### [Work instructions]
Going down the data below, set down exactly the line with "X178465887Y-110306629D01*" and each line after it through the line with "X177231346Y-101561400D01*"; no other lines.

════════════════

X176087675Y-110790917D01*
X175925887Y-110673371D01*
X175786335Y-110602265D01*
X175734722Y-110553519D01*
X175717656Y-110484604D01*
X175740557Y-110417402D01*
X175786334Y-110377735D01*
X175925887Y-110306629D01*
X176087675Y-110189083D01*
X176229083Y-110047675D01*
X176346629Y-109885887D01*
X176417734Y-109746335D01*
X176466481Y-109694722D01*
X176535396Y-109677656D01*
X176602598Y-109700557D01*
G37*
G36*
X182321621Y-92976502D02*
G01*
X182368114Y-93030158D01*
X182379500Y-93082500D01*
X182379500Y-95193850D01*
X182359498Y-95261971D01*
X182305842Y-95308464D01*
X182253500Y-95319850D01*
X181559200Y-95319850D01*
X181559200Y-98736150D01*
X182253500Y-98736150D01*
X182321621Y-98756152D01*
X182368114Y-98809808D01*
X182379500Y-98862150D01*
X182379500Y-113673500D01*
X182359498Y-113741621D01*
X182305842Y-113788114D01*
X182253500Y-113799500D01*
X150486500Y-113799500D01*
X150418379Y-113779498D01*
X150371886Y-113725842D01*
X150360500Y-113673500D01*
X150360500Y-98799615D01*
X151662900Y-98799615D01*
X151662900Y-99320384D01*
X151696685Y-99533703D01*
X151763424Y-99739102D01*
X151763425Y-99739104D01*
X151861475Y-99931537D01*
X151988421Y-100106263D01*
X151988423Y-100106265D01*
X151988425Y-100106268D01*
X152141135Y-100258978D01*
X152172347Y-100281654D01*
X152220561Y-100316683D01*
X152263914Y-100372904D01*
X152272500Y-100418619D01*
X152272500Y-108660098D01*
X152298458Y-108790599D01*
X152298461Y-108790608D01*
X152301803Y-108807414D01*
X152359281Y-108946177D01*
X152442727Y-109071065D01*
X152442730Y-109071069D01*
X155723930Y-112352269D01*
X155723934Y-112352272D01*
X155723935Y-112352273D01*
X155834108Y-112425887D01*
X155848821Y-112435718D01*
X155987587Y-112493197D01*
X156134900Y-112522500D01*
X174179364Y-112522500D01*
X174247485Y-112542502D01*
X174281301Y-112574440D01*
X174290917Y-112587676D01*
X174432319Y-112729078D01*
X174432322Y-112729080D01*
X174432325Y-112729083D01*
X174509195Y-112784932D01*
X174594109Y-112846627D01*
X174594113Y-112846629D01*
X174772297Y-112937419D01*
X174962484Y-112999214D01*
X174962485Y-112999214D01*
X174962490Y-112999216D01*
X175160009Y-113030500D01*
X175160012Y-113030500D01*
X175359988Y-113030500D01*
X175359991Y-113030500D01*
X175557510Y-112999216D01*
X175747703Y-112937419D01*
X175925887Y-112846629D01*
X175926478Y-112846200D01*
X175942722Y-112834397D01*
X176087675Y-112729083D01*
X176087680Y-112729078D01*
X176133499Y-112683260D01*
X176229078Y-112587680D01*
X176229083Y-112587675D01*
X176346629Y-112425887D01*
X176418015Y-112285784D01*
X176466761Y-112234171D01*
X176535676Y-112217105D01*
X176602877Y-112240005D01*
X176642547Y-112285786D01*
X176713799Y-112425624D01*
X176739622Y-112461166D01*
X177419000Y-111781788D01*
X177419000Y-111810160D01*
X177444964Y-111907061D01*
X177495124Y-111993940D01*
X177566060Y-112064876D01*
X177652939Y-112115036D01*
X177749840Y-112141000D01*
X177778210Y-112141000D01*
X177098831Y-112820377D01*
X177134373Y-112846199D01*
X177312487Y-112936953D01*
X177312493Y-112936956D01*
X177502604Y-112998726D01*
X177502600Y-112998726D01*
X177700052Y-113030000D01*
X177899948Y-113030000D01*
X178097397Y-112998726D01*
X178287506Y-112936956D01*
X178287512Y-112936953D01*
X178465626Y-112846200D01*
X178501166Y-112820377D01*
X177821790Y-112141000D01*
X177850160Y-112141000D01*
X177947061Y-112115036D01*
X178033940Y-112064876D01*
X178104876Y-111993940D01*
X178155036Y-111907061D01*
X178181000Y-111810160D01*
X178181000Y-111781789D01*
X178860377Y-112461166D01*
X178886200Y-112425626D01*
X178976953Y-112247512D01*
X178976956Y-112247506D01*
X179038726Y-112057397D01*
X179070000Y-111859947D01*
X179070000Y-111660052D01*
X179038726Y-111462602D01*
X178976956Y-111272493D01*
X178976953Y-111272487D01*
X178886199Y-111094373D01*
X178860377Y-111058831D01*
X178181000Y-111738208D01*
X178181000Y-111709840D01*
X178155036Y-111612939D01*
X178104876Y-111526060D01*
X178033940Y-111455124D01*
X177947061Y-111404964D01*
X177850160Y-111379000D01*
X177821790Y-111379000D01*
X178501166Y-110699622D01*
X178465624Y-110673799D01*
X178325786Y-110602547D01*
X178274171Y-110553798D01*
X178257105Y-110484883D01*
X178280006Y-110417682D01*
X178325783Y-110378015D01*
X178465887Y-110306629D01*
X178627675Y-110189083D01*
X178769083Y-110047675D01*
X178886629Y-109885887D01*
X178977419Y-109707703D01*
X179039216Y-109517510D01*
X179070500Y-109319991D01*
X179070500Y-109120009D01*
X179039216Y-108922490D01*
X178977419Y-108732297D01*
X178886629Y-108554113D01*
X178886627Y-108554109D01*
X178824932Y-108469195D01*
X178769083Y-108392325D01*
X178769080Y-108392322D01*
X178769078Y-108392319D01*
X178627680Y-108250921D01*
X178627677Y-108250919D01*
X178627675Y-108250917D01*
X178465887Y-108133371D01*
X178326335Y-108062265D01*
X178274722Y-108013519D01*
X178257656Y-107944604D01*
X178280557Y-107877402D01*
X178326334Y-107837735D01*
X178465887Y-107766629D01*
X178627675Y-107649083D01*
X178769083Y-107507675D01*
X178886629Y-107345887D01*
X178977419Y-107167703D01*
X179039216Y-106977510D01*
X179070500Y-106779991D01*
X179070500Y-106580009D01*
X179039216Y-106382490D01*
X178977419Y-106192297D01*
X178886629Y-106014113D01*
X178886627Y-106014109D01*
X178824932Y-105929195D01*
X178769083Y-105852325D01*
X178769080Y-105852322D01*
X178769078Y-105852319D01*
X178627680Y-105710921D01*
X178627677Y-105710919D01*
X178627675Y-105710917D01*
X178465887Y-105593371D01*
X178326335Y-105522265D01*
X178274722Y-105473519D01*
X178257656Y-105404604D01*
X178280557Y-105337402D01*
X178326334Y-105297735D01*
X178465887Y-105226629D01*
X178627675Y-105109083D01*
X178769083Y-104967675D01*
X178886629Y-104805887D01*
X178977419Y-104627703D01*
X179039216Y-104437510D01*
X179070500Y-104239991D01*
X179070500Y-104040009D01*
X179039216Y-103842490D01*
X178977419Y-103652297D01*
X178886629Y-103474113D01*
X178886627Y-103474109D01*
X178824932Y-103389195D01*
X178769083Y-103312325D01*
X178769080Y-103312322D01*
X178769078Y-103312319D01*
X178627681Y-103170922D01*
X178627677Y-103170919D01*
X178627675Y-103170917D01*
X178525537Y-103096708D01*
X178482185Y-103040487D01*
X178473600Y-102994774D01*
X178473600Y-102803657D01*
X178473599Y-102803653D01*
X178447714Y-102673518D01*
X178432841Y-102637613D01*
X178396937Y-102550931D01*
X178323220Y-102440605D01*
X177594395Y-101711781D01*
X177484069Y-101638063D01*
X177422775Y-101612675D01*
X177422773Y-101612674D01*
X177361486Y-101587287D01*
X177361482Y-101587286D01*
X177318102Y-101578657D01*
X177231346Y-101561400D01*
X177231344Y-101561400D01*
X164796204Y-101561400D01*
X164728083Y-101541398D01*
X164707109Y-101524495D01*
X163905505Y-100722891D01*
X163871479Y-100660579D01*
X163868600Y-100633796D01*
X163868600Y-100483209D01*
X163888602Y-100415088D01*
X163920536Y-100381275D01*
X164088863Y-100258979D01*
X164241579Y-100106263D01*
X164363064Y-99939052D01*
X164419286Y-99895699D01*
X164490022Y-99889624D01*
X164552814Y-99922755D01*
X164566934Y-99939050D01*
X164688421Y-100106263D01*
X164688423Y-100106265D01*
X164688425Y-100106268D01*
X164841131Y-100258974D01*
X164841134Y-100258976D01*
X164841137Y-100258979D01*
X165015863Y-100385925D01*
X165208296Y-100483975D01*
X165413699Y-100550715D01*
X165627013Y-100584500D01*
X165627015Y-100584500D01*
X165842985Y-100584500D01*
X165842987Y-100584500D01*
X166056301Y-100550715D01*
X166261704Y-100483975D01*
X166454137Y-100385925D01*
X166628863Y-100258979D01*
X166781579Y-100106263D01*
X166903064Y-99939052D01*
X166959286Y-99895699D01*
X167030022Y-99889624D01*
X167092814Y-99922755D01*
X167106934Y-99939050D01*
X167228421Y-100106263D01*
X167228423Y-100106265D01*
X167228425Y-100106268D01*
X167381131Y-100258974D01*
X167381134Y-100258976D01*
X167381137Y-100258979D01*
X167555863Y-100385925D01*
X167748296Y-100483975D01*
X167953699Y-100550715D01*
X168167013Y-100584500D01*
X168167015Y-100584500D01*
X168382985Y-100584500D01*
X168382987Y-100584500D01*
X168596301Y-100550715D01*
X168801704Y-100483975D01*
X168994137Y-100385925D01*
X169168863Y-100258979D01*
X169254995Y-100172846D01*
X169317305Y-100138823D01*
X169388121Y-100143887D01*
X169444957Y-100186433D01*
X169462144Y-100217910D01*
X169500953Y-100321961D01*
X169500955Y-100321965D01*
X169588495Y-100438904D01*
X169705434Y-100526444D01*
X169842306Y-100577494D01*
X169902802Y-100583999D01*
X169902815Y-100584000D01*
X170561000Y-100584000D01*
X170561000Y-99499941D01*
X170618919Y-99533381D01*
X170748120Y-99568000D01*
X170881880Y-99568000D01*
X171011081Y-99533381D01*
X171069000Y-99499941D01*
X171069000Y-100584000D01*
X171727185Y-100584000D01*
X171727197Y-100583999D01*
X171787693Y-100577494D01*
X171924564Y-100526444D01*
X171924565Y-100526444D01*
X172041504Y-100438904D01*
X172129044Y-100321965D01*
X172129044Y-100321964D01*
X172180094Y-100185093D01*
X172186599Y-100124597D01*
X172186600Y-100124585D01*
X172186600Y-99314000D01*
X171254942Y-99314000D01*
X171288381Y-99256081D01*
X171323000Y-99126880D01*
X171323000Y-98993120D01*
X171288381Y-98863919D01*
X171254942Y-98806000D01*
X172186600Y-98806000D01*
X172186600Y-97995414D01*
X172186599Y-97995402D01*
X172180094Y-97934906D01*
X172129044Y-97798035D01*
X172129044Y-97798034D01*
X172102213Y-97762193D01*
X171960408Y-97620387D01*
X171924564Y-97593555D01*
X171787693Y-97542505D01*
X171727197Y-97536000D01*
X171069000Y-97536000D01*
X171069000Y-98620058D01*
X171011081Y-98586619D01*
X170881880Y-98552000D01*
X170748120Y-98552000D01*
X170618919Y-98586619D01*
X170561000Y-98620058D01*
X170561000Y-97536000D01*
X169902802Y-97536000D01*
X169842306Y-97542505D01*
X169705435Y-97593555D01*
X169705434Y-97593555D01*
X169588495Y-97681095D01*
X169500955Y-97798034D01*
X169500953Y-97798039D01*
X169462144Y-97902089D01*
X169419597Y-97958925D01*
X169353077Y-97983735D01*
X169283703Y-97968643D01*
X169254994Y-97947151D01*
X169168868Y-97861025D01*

════════════════

### [Written solution]
X178465887Y-110306629D01*
X178627675Y-110189083D01*
X178769083Y-110047675D01*
X178886629Y-109885887D01*
X178977419Y-109707703D01*
X179039216Y-109517510D01*
X179070500Y-109319991D01*
X179070500Y-109120009D01*
X179039216Y-108922490D01*
X178977419Y-108732297D01*
X178886629Y-108554113D01*
X178886627Y-108554109D01*
X178824932Y-108469195D01*
X178769083Y-108392325D01*
X178769080Y-108392322D01*
X178769078Y-108392319D01*
X178627680Y-108250921D01*
X178627677Y-108250919D01*
X178627675Y-108250917D01*
X178465887Y-108133371D01*
X178326335Y-108062265D01*
X178274722Y-108013519D01*
X178257656Y-107944604D01*
X178280557Y-107877402D01*
X178326334Y-107837735D01*
X178465887Y-107766629D01*
X178627675Y-107649083D01*
X178769083Y-107507675D01*
X178886629Y-107345887D01*
X178977419Y-107167703D01*
X179039216Y-106977510D01*
X179070500Y-106779991D01*
X179070500Y-106580009D01*
X179039216Y-106382490D01*
X178977419Y-106192297D01*
X178886629Y-106014113D01*
X178886627Y-106014109D01*
X178824932Y-105929195D01*
X178769083Y-105852325D01*
X178769080Y-105852322D01*
X178769078Y-105852319D01*
X178627680Y-105710921D01*
X178627677Y-105710919D01*
X178627675Y-105710917D01*
X178465887Y-105593371D01*
X178326335Y-105522265D01*
X178274722Y-105473519D01*
X178257656Y-105404604D01*
X178280557Y-105337402D01*
X178326334Y-105297735D01*
X178465887Y-105226629D01*
X178627675Y-105109083D01*
X178769083Y-104967675D01*
X178886629Y-104805887D01*
X178977419Y-104627703D01*
X179039216Y-104437510D01*
X179070500Y-104239991D01*
X179070500Y-104040009D01*
X179039216Y-103842490D01*
X178977419Y-103652297D01*
X178886629Y-103474113D01*
X178886627Y-103474109D01*
X178824932Y-103389195D01*
X178769083Y-103312325D01*
X178769080Y-103312322D01*
X178769078Y-103312319D01*
X178627681Y-103170922D01*
X178627677Y-103170919D01*
X178627675Y-103170917D01*
X178525537Y-103096708D01*
X178482185Y-103040487D01*
X178473600Y-102994774D01*
X178473600Y-102803657D01*
X178473599Y-102803653D01*
X178447714Y-102673518D01*
X178432841Y-102637613D01*
X178396937Y-102550931D01*
X178323220Y-102440605D01*
X177594395Y-101711781D01*
X177484069Y-101638063D01*
X177422775Y-101612675D01*
X177422773Y-101612674D01*
X177361486Y-101587287D01*
X177361482Y-101587286D01*
X177318102Y-101578657D01*
X177231346Y-101561400D01*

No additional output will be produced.